When the navigation is opened, an overlay covers the page. Here are the styles for the overlay.

.cn-overlay{
  width:100%
  height:100%;
  background-color: rgba(0,0,0,0.6);
  position:fixed;
  top:0;
  left:0;
  bottom:0;
  right:0;
  opacity:0;
  transition: all .3s ease;
  z-index:2;
  pointer-events:none;
}

/* Class added to the overlay via JavaScript to show it when navigation is open */
.cn-overlay.on-overlay{
  pointer-events:auto;
  opacity:1;
}

Now we’ll style the navigation items and their anchors, applying the logic and math-based transformed we explained earlier.

.csstransforms .cn-wrapper li {
  position: absolute;
  font-size: 1.5em;
  width: 10em;
  height: 10em;
  transform-origin: 100% 100%;
  overflow: hidden;
  left: 50%;
  top: 50%;
  margin-top: -1.3em;
  margin-left: -10em;
  transition: border .3s ease;
}

.csstransforms .cn-wrapper li a {
  display: block;
  font-size: 1.18em;
  height: 14.5em;
  width: 14.5em;
  position: absolute;
  position: fixed; /* fix the "displacement" bug in webkit browsers when using tab key */
  bottom: -7.25em;
  right: -7.25em;
  border-radius: 50%;
  text-decoration: none;
  color: #fff;
  padding-top: 1.8em;
  text-align: center;
  transform: skew(-50deg) rotate(-70deg) scale(1);
  transition: opacity 0.3s, color 0.3s;
}

.csstransforms .cn-wrapper li a span {
  font-size: 1.1em;
  opacity: 0.7;
}
/* for a central angle x, the list items must be skewed by 90-x degrees
in our case x=40deg so skew angle is 50deg
items should be rotated by x, minus (sum of angles - 180)2s (for this demo) */

.csstransforms .cn-wrapper li:first-child {
  transform: rotate(-10deg) skew(50deg);
}

.csstransforms .cn-wrapper li:nth-child(2) {
  transform: rotate(30deg) skew(50deg);
}

.csstransforms .cn-wrapper li:nth-child(3) {
  transform: rotate(70deg) skew(50deg)
}

.csstransforms .cn-wrapper li:nth-child(4) {
  transform: rotate(110deg) skew(50deg);
}

.csstransforms .cn-wrapper li:nth-child(5) {
  transform: rotate(150deg) skew(50deg);
}

.csstransforms .cn-wrapper li:nth-child(odd) a {
  background-color: #a11313;
  background-color: hsla(0, 88%, 63%, 1);
}

.csstransforms .cn-wrapper li:nth-child(even) a {
  background-color: #a61414;
  background-color: hsla(0, 88%, 65%, 1);
}

/* active style */
.csstransforms .cn-wrapper li.active a {
  background-color: #b31515;
  background-color: hsla(0, 88%, 70%, 1);
}

/* hover style */
.csstransforms .cn-wrapper li:not(.active) a:hover,
.csstransforms .cn-wrapper li:not(.active) a:active,
.csstransforms .cn-wrapper li:not(.active) a:focus {
  background-color: #b31515;
  background-color: hsla(0, 88%, 70%, 1);
}

We’ll provide a simple and basic fallback for browsers that do not support CSS transforms.

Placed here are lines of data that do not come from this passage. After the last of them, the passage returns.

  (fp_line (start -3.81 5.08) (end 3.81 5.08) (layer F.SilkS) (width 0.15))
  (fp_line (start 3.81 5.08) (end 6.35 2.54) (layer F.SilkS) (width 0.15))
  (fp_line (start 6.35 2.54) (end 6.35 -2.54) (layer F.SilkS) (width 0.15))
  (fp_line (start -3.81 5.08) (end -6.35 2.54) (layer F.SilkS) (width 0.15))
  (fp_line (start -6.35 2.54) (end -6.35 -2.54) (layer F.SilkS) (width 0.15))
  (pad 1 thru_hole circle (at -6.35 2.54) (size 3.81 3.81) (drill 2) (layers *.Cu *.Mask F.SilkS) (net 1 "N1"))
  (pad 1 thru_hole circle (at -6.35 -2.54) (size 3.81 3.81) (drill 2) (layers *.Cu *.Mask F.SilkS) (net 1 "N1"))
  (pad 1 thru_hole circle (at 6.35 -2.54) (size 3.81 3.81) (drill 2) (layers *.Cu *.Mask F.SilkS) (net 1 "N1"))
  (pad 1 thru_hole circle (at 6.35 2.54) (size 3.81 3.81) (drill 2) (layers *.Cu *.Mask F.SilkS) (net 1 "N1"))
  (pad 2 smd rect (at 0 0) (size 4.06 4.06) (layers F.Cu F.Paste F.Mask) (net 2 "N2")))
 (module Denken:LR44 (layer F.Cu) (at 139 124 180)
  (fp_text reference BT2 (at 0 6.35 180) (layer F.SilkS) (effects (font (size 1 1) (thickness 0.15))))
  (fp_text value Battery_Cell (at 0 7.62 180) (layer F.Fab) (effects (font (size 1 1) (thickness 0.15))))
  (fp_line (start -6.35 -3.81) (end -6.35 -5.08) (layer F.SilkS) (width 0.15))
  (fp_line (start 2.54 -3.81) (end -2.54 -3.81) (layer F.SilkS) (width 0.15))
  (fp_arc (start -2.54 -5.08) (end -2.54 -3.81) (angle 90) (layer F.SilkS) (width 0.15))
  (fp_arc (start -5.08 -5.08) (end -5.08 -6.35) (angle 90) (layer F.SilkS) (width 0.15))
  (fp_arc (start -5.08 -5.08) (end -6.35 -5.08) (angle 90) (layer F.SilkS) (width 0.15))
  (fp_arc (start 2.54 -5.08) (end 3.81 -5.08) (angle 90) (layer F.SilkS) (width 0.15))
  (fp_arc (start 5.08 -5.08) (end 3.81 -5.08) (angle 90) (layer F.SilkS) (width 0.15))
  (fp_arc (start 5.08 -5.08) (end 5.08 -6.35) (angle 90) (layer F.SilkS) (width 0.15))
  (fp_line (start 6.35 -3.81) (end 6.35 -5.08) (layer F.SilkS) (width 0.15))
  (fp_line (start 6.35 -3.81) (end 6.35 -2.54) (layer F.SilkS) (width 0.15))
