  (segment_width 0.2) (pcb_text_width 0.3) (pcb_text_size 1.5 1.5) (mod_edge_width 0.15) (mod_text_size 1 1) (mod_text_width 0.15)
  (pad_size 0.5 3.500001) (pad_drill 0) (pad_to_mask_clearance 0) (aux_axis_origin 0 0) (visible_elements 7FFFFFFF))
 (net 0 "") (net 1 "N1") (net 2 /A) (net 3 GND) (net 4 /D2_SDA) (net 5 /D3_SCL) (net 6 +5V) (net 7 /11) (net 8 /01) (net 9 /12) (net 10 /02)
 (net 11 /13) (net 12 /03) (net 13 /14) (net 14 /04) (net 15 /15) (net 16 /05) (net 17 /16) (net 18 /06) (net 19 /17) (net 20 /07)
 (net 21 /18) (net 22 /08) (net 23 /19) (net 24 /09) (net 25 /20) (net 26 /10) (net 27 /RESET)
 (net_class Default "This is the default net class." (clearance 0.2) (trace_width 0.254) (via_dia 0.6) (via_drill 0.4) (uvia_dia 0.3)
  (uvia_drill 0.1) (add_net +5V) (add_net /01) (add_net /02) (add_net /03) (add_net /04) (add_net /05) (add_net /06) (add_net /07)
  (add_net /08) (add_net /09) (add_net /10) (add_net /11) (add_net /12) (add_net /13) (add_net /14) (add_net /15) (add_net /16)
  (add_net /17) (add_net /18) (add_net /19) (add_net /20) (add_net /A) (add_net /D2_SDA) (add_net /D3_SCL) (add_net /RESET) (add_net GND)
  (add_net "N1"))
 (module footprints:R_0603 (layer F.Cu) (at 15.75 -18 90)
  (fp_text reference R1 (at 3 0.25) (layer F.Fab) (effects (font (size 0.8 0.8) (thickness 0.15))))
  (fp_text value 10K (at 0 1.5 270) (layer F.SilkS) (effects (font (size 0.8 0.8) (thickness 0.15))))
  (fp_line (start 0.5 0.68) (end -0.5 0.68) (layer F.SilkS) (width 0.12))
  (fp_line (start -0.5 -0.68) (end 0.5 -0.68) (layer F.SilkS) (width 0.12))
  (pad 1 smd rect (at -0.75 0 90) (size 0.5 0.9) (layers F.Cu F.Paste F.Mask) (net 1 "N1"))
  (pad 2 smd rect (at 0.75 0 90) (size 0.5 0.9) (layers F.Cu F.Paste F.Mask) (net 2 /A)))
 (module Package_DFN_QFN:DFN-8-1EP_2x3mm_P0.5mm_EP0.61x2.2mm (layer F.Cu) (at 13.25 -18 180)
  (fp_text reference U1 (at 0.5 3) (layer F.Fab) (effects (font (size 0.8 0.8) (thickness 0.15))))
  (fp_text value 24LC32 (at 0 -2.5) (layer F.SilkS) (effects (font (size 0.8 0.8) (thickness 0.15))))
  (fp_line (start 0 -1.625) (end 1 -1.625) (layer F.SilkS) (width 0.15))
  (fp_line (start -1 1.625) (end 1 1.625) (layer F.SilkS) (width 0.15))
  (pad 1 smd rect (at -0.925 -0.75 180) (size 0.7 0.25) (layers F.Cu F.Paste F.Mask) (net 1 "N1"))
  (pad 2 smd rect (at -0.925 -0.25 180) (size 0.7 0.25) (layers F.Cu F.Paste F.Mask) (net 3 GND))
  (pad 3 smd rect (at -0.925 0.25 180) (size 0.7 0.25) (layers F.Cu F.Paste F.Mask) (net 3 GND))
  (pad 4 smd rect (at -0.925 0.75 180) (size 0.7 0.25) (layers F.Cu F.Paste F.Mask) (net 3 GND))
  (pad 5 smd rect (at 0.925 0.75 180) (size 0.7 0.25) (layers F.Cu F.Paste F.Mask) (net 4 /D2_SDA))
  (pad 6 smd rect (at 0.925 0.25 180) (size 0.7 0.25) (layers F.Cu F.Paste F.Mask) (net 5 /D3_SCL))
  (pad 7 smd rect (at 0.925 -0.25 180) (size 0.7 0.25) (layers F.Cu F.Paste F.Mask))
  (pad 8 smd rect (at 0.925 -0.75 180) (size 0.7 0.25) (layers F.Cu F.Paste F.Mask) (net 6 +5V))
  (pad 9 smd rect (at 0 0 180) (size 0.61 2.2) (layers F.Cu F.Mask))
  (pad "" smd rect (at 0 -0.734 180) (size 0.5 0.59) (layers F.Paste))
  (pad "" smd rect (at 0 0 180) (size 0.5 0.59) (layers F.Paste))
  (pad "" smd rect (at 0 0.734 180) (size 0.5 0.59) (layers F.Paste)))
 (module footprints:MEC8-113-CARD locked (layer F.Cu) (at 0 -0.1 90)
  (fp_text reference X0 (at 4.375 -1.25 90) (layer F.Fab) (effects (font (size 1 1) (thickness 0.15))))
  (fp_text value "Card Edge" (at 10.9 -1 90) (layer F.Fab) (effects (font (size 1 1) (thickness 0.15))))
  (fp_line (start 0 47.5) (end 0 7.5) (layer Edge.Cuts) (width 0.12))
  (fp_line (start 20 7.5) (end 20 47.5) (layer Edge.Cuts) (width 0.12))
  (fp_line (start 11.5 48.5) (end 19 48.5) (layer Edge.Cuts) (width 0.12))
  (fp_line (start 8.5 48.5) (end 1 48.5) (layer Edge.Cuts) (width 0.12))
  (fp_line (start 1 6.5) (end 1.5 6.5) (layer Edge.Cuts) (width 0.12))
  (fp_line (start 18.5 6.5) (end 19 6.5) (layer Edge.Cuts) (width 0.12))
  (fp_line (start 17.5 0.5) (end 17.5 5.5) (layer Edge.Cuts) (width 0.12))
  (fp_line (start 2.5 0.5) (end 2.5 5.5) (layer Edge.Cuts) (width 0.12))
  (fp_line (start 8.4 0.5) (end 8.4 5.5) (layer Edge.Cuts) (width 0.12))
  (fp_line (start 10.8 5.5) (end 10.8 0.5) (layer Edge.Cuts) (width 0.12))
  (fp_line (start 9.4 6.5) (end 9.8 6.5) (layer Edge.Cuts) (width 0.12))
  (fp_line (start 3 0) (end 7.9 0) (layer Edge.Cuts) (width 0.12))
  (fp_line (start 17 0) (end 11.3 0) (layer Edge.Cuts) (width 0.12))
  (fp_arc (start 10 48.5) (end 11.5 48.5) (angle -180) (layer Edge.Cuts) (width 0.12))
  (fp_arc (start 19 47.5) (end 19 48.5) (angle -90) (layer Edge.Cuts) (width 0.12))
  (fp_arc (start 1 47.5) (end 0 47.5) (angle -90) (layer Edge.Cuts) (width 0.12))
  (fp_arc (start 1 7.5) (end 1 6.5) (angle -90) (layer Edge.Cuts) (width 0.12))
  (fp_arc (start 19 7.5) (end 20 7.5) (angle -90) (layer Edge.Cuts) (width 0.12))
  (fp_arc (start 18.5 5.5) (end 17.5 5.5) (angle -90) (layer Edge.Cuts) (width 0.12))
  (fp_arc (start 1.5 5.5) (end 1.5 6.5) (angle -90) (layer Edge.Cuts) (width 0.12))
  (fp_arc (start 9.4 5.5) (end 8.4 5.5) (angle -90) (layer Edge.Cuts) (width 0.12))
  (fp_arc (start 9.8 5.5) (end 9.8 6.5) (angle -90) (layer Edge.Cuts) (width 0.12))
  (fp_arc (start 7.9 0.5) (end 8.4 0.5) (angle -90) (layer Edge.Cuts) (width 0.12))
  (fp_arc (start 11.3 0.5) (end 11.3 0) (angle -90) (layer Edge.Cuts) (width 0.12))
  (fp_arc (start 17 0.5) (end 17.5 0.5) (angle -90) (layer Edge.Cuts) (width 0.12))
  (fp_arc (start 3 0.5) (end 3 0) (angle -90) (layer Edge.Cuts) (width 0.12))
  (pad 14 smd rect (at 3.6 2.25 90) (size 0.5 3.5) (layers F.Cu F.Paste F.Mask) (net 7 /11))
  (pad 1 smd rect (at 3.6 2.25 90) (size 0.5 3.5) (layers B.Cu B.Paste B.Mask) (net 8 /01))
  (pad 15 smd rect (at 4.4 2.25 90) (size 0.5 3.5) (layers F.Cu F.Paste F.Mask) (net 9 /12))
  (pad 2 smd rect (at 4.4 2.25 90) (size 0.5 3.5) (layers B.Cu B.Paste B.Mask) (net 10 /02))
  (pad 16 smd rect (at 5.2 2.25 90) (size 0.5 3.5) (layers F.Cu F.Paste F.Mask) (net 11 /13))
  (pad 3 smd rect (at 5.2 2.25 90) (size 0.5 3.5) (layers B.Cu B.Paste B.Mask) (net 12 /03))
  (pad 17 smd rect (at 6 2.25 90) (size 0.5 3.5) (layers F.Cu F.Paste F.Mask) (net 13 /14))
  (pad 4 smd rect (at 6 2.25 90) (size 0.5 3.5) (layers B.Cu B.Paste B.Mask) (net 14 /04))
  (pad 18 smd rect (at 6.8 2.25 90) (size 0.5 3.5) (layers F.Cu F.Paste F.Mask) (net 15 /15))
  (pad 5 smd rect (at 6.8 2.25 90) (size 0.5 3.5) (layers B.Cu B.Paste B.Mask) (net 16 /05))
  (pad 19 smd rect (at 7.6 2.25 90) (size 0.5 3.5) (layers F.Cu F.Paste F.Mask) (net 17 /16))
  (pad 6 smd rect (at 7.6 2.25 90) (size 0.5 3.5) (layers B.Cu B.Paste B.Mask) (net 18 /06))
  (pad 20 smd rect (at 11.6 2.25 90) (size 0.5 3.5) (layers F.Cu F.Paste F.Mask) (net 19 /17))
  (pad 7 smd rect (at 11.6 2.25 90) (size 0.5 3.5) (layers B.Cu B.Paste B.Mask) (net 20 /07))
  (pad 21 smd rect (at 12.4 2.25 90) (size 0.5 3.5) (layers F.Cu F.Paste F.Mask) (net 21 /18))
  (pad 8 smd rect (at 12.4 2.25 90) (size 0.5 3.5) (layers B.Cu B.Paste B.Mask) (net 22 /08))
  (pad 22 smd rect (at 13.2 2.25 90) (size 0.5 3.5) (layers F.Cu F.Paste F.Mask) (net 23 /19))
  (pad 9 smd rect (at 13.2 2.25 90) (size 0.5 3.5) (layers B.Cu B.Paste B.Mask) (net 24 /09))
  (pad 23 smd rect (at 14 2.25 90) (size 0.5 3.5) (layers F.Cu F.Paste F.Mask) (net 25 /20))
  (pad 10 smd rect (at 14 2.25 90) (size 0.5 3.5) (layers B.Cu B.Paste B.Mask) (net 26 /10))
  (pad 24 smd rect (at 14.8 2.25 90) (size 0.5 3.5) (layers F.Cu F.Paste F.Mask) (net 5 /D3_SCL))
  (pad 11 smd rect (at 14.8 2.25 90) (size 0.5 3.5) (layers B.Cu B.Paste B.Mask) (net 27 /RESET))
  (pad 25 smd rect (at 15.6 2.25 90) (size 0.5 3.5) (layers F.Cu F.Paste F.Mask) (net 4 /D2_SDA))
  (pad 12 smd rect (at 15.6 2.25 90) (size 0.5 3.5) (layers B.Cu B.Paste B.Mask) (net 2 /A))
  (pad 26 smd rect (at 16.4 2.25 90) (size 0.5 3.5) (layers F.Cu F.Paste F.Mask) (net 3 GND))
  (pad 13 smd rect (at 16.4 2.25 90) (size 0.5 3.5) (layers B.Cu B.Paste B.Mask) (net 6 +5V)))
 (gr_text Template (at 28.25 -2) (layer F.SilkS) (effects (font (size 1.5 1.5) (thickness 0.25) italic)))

.no-csstransforms .cn-wrapper{
  font-size:1em;
  height:5em;
  width:25.15em;
  bottom:0;
  margin-left: -12.5em;
  overflow: hidden;
  position: fixed;
  z-index: 10;
  left:50%;
  border:1px solid #ddd;
}

.no-csstransforms .cn-button{
  display:none;
}

.no-csstransforms .cn-wrapper li{
  position:static;
  float:left;
  font-size:1em;
  height:5em;
  width:5em;
  background-color: #eee;
  text-align:center;
  line-height:5em;
}

.no-csstransforms .cn-wrapper li a{
  display:block;
  width:100%;
  height:100%;
  text-decoration:none;
  color:inherit;
  font-size:1.3em;
  border-right: 1px solid #ddd;
}

.no-csstransforms .cn-wrapper li a:last-child{
  border:none;
}

.no-csstransforms .cn-wrapper li a:hover,
.no-csstransforms .cn-wrapper li a:active,
.no-csstransforms .cn-wrapper li a:focus{
  background-color: white;
}

.no-csstransforms .cn-wrapper li.active a {
  background-color: #6F325C;
  color: #fff;
}

Of course we want our navigation to be responsive, so it will shrink to fit smaller screens. Here are the responsive styles for both the circular and the simple styles.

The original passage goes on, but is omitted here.